== WORK REQUEST ==
Through the line that contains "X161059800Y-71954764D01*", return the data below exactly, starting at its first line; leave the rest out.

== RECORDS TO PROCESS ==

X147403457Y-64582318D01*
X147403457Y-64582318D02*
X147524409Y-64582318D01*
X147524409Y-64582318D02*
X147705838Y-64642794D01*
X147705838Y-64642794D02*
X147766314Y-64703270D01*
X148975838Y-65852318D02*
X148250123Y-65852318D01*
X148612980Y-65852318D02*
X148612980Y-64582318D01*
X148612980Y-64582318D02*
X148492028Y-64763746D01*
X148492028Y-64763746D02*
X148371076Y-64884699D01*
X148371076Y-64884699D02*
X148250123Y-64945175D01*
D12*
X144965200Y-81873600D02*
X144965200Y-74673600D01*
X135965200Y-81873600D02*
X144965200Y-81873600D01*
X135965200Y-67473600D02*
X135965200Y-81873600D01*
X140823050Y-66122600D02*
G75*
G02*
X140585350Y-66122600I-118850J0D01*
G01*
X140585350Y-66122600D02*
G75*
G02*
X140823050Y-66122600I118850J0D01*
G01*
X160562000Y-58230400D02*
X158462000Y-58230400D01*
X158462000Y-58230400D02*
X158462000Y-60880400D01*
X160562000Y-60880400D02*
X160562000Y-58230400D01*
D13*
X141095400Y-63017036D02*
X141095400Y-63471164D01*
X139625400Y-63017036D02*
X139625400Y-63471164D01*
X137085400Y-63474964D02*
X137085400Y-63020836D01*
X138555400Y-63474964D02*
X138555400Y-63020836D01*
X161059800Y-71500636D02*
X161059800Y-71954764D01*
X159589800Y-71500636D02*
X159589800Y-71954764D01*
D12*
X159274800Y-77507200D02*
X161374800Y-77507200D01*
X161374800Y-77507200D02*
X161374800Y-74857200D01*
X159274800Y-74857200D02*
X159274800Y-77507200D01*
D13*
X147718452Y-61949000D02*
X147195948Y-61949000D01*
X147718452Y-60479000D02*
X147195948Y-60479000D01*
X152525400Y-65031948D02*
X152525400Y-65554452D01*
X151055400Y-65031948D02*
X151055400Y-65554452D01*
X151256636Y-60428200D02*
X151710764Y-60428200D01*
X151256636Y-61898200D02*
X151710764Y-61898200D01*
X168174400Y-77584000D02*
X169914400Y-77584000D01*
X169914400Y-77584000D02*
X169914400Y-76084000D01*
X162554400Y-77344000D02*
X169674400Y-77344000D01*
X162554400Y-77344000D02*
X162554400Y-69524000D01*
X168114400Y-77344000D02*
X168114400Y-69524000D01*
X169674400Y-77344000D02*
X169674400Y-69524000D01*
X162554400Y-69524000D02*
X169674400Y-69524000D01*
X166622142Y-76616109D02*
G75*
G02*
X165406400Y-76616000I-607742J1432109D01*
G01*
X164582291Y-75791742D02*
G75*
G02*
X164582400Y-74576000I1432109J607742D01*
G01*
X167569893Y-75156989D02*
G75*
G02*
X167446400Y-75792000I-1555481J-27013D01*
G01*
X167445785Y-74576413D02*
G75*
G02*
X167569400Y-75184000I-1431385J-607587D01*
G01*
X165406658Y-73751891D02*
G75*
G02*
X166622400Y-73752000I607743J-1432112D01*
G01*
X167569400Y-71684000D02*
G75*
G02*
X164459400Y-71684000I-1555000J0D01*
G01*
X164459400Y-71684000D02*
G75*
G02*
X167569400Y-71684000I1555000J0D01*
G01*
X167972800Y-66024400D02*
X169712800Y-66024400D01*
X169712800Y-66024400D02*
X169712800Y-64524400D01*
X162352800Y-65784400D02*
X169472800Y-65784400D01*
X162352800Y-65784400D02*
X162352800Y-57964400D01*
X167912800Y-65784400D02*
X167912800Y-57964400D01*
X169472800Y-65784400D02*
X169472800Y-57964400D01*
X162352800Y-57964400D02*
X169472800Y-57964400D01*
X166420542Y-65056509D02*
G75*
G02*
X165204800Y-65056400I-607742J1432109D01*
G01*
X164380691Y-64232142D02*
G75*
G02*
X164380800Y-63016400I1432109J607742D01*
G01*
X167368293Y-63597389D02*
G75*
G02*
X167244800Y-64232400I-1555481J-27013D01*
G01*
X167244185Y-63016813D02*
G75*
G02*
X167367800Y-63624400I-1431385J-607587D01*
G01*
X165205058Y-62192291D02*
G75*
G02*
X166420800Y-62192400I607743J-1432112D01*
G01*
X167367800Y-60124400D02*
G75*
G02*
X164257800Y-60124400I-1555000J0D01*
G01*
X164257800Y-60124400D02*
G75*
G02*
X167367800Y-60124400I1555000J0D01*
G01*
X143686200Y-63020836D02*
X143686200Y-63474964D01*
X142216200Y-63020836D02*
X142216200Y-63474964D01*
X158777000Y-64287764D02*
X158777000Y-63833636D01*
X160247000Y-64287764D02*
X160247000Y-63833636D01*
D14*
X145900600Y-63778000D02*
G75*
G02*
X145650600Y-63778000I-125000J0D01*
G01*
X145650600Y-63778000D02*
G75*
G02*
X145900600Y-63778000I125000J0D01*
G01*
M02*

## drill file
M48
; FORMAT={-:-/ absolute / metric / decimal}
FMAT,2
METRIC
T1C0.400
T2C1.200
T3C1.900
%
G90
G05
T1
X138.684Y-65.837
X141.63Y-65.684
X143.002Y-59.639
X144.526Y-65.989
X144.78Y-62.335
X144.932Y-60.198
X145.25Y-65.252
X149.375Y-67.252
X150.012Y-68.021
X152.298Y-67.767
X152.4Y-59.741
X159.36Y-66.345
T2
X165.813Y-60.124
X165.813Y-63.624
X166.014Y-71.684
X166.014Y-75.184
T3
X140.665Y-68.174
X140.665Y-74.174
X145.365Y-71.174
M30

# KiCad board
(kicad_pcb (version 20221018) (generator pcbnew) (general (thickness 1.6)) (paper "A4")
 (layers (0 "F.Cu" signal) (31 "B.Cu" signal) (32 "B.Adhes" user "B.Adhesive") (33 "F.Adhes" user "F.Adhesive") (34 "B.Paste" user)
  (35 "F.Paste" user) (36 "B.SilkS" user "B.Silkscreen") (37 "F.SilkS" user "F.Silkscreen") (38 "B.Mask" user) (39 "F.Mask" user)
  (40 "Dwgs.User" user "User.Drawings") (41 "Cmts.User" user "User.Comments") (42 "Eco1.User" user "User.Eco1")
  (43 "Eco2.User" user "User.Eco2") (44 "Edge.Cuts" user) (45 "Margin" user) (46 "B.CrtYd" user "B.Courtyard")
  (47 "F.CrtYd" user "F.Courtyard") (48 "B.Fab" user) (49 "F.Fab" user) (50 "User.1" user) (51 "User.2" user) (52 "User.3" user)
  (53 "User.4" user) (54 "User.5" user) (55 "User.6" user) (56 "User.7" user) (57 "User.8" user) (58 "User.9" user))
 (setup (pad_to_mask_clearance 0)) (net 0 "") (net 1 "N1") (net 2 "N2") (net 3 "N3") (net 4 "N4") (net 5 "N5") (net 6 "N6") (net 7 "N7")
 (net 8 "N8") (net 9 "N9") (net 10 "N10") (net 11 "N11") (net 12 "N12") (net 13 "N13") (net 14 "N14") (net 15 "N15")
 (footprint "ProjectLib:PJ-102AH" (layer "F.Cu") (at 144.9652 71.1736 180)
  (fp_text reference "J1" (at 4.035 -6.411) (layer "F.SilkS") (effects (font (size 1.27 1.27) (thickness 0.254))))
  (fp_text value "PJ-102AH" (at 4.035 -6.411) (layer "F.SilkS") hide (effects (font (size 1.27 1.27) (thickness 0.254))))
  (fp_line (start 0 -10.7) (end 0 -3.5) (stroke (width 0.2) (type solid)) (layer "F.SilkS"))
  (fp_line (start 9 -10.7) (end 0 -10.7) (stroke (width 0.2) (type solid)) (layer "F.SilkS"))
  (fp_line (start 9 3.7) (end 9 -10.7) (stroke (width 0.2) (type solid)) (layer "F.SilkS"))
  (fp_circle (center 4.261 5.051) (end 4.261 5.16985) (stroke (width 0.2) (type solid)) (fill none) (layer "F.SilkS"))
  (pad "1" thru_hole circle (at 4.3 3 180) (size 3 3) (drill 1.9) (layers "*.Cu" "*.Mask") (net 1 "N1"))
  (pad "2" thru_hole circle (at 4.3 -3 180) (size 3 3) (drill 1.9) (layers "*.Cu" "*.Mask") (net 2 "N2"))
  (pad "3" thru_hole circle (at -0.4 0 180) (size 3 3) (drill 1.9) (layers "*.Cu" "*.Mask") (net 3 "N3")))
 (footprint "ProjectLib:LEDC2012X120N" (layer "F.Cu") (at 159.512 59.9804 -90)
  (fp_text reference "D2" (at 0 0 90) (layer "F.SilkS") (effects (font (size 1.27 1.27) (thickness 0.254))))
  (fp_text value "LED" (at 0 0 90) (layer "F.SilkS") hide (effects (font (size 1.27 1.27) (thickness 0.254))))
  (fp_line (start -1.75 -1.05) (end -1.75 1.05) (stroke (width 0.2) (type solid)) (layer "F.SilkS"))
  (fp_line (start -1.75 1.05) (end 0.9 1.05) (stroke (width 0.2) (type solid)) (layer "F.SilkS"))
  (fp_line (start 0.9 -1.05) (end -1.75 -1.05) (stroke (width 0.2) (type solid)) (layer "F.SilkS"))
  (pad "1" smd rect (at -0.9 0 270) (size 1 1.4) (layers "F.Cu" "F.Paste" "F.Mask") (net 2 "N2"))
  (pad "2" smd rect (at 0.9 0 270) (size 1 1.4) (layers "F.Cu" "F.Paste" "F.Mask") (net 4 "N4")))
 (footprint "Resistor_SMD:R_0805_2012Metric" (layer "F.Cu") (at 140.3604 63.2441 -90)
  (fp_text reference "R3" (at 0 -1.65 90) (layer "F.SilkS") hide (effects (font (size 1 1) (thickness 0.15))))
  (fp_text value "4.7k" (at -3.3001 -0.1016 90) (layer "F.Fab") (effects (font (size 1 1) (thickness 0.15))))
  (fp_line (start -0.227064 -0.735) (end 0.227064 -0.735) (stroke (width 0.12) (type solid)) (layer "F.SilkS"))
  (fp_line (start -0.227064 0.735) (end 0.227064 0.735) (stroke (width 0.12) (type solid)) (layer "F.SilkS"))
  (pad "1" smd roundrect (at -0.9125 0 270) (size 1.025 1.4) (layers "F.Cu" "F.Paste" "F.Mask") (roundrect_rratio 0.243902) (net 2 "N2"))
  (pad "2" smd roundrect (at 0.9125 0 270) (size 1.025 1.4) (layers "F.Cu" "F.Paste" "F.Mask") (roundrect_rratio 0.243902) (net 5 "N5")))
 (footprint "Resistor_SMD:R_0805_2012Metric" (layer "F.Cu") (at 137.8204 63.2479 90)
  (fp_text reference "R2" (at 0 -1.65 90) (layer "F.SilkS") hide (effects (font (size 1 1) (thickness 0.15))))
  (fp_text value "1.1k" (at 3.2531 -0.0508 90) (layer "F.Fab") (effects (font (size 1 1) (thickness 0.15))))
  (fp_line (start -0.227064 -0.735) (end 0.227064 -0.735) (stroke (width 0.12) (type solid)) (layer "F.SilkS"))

== THE ANSWER ==
X147403457Y-64582318D01*
X147403457Y-64582318D02*
X147524409Y-64582318D01*
X147524409Y-64582318D02*
X147705838Y-64642794D01*
X147705838Y-64642794D02*
X147766314Y-64703270D01*
X148975838Y-65852318D02*
X148250123Y-65852318D01*
X148612980Y-65852318D02*
X148612980Y-64582318D01*
X148612980Y-64582318D02*
X148492028Y-64763746D01*
X148492028Y-64763746D02*
X148371076Y-64884699D01*
X148371076Y-64884699D02*
X148250123Y-64945175D01*
D12*
X144965200Y-81873600D02*
X144965200Y-74673600D01*
X135965200Y-81873600D02*
X144965200Y-81873600D01*
X135965200Y-67473600D02*
X135965200Y-81873600D01*
X140823050Y-66122600D02*
G75*
G02*
X140585350Y-66122600I-118850J0D01*
G01*
X140585350Y-66122600D02*
G75*
G02*
X140823050Y-66122600I118850J0D01*
G01*
X160562000Y-58230400D02*
X158462000Y-58230400D01*
X158462000Y-58230400D02*
X158462000Y-60880400D01*
X160562000Y-60880400D02*
X160562000Y-58230400D01*
D13*
X141095400Y-63017036D02*
X141095400Y-63471164D01*
X139625400Y-63017036D02*
X139625400Y-63471164D01*
X137085400Y-63474964D02*
X137085400Y-63020836D01*
X138555400Y-63474964D02*
X138555400Y-63020836D01*
X161059800Y-71500636D02*
X161059800Y-71954764D01*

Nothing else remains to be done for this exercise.